I was reading through these notes (link here) on Markov diffusion processes and I'm confused about one of the definitions and its properties.
It is stated that the Markov diffusion process satisfies the continuity condition in that $P(|X_t - X_s | \ge \epsilon | X_s = x) = o(t-s)$. It then goes on to say that this condition implies that the sample paths of a diffusion process are not differentiable.
I am confused by this statement. From what I understand, the $o$-notation here means that $\lim_{t\rightarrow s} \frac{o(t-s)}{t-s} = 0$. For example, we have that $x^5$ is $o(x)$ as $x\rightarrow 0$. This makes me think that if $f(x)$ is $o(x)$ as $x \rightarrow 0$, i.. the rate of decay of $f(x)$ compared to that of $x$ is faster as $x \rightarrow 0$.

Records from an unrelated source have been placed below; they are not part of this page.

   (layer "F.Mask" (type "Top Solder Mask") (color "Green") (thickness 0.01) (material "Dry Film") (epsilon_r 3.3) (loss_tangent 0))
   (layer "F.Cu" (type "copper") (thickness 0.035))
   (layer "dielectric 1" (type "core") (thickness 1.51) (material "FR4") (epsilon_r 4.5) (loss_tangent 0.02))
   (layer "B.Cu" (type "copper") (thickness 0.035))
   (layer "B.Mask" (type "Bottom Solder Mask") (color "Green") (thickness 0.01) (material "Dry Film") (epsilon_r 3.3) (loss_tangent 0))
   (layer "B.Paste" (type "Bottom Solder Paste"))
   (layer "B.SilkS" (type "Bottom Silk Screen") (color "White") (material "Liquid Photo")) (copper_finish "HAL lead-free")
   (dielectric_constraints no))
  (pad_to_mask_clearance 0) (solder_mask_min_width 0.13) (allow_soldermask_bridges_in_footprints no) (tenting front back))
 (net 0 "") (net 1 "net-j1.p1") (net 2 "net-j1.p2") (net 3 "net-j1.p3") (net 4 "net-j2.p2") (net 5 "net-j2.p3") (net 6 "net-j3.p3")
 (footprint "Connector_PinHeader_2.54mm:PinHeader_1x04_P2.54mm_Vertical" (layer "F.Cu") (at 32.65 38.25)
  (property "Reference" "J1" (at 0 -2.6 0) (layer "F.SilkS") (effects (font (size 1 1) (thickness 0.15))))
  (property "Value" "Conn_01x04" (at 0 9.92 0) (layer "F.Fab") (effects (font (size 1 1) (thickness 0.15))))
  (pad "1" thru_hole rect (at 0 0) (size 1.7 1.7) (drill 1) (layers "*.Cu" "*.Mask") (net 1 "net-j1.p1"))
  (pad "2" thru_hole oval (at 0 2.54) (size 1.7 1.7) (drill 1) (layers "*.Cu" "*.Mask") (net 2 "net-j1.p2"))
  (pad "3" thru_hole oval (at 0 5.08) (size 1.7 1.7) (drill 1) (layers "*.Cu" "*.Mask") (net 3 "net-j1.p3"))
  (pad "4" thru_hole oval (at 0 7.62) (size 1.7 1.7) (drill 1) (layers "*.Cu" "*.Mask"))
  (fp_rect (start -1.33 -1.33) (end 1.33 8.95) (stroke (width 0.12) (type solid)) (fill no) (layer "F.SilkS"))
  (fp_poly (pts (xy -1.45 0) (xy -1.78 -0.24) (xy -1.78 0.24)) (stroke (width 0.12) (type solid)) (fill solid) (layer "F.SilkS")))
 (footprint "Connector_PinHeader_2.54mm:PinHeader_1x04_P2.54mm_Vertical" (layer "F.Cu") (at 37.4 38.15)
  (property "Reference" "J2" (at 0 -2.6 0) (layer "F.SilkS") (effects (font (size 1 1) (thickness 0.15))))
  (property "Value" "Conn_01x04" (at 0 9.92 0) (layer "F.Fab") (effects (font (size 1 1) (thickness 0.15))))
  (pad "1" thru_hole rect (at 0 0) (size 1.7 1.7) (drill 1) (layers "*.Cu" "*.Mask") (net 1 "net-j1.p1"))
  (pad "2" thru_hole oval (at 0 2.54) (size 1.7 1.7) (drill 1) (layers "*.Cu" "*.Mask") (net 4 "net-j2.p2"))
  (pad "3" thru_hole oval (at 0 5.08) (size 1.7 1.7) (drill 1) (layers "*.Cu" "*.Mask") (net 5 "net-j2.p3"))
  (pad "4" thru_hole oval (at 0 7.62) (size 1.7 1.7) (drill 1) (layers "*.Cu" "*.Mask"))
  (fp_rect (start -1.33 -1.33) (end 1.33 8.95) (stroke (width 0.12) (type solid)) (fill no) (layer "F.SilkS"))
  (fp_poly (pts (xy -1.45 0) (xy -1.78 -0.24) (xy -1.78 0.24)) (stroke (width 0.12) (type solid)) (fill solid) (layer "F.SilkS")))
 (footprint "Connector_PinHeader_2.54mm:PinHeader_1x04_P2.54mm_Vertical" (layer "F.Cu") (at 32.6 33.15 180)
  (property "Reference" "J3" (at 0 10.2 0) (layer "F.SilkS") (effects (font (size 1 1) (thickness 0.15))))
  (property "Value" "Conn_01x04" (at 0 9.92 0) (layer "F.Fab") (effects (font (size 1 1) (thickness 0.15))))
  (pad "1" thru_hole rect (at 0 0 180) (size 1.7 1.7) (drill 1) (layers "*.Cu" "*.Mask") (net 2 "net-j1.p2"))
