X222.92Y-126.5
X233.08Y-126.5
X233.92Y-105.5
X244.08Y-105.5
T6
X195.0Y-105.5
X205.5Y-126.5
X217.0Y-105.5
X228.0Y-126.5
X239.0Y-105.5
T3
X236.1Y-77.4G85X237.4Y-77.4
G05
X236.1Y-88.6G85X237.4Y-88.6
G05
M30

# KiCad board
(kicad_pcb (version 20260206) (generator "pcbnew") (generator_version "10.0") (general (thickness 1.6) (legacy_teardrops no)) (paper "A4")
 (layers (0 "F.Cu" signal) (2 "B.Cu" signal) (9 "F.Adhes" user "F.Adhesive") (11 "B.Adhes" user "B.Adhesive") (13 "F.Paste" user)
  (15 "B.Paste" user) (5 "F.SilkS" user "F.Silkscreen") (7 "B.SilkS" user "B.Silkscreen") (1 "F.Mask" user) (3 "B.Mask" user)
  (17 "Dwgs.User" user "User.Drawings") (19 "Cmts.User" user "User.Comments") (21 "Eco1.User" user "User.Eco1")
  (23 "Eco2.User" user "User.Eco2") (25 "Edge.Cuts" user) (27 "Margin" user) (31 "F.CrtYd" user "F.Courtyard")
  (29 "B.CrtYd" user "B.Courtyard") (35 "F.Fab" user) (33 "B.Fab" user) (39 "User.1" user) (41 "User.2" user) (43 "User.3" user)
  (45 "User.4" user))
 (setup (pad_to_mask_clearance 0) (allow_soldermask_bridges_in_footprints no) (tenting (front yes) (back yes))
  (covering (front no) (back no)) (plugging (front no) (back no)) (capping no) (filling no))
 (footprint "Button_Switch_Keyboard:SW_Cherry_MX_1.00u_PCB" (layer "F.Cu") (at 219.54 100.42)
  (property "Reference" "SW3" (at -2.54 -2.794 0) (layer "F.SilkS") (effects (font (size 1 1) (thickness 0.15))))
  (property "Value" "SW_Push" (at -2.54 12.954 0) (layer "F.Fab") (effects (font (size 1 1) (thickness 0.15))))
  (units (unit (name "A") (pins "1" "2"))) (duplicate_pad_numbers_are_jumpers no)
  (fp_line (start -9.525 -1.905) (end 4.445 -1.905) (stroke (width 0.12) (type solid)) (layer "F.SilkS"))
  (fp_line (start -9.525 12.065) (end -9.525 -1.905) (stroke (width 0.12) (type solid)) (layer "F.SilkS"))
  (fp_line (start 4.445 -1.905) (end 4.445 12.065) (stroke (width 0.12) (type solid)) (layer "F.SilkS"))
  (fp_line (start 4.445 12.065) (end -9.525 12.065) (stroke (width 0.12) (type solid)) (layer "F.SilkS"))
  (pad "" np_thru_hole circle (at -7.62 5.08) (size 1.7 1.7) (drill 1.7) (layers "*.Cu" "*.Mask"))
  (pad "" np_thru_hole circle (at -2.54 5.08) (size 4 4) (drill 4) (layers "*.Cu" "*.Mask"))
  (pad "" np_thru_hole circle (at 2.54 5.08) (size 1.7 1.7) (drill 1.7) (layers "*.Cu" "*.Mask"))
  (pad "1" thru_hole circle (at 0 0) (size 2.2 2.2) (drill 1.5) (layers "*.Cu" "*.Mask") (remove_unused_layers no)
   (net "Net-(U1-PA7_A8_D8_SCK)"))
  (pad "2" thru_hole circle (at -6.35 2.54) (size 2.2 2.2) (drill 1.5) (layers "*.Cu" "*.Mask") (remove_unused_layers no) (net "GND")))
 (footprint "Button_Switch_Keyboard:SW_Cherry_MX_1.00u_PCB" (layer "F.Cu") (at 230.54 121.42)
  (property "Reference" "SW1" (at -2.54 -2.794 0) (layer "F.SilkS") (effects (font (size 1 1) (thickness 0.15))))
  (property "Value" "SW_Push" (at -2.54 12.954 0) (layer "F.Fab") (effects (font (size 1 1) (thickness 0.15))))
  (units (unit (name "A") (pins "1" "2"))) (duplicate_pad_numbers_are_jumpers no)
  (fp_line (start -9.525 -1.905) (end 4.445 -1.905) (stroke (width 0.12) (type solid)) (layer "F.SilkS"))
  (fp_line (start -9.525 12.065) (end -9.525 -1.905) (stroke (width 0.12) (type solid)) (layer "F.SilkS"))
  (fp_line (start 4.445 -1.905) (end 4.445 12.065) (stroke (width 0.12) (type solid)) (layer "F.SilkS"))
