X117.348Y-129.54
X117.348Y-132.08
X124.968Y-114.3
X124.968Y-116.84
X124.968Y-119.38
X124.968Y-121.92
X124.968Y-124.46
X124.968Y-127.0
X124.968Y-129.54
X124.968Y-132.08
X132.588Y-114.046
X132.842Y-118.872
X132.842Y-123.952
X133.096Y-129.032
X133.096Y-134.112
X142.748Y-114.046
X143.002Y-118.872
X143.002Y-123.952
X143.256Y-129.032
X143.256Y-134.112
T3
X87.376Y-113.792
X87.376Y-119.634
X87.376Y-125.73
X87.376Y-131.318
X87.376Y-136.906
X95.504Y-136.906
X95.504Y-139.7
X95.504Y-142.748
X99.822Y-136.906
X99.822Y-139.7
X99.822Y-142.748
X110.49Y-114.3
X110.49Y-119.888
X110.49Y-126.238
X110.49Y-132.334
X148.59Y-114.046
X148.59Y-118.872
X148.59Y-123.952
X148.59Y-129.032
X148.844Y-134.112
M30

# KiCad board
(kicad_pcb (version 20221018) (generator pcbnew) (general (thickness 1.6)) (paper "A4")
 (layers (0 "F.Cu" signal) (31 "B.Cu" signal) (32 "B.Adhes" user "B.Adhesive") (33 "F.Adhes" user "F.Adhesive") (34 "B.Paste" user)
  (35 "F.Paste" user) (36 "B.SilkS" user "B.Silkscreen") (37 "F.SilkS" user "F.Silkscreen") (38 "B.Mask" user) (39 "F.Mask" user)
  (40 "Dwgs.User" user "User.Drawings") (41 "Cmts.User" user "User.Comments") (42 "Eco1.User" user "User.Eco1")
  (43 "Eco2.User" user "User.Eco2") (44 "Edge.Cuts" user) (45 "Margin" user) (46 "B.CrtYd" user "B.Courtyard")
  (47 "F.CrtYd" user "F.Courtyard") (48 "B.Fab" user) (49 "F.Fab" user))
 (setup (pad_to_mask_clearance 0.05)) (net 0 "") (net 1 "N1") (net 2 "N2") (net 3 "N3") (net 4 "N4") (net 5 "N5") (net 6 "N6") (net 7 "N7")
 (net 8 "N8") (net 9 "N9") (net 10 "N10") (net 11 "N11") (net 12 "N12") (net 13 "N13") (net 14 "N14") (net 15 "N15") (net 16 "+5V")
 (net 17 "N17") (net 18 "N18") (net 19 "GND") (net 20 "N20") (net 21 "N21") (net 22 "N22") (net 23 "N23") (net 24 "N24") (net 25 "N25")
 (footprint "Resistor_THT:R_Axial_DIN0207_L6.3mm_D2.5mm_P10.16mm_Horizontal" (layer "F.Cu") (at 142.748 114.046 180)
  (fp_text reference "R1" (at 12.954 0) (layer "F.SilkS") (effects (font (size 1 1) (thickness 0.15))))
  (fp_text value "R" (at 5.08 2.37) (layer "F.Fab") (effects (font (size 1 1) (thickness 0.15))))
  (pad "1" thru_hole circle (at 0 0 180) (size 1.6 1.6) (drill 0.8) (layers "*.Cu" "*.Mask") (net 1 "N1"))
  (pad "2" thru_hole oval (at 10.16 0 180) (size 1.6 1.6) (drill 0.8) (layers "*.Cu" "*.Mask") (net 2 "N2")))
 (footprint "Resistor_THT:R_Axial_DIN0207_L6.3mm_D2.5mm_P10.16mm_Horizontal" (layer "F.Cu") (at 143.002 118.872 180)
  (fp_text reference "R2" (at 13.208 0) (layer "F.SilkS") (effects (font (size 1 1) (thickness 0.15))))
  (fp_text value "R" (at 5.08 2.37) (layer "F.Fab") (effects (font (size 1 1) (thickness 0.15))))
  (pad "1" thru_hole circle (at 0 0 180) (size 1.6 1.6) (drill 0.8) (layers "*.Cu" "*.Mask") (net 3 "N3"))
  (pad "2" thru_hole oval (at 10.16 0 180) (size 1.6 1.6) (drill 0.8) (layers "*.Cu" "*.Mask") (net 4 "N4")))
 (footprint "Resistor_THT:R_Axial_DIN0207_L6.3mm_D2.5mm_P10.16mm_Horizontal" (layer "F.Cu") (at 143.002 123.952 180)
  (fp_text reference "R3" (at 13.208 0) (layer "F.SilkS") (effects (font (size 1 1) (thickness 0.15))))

Hence, I do not understand why in the link it says: "the sample paths of a diffusion process are not differentiable : if they where, then the right hand side of the above equation would have to be 0 when $t-s \ll 1$ ".
Can anyone help me show (more rigorously) how this implies that $P(\frac{|X_t - X_s |}{t-s} \ge \epsilon | X_s = x) $ does not approach 0 as $t \rightarrow s$?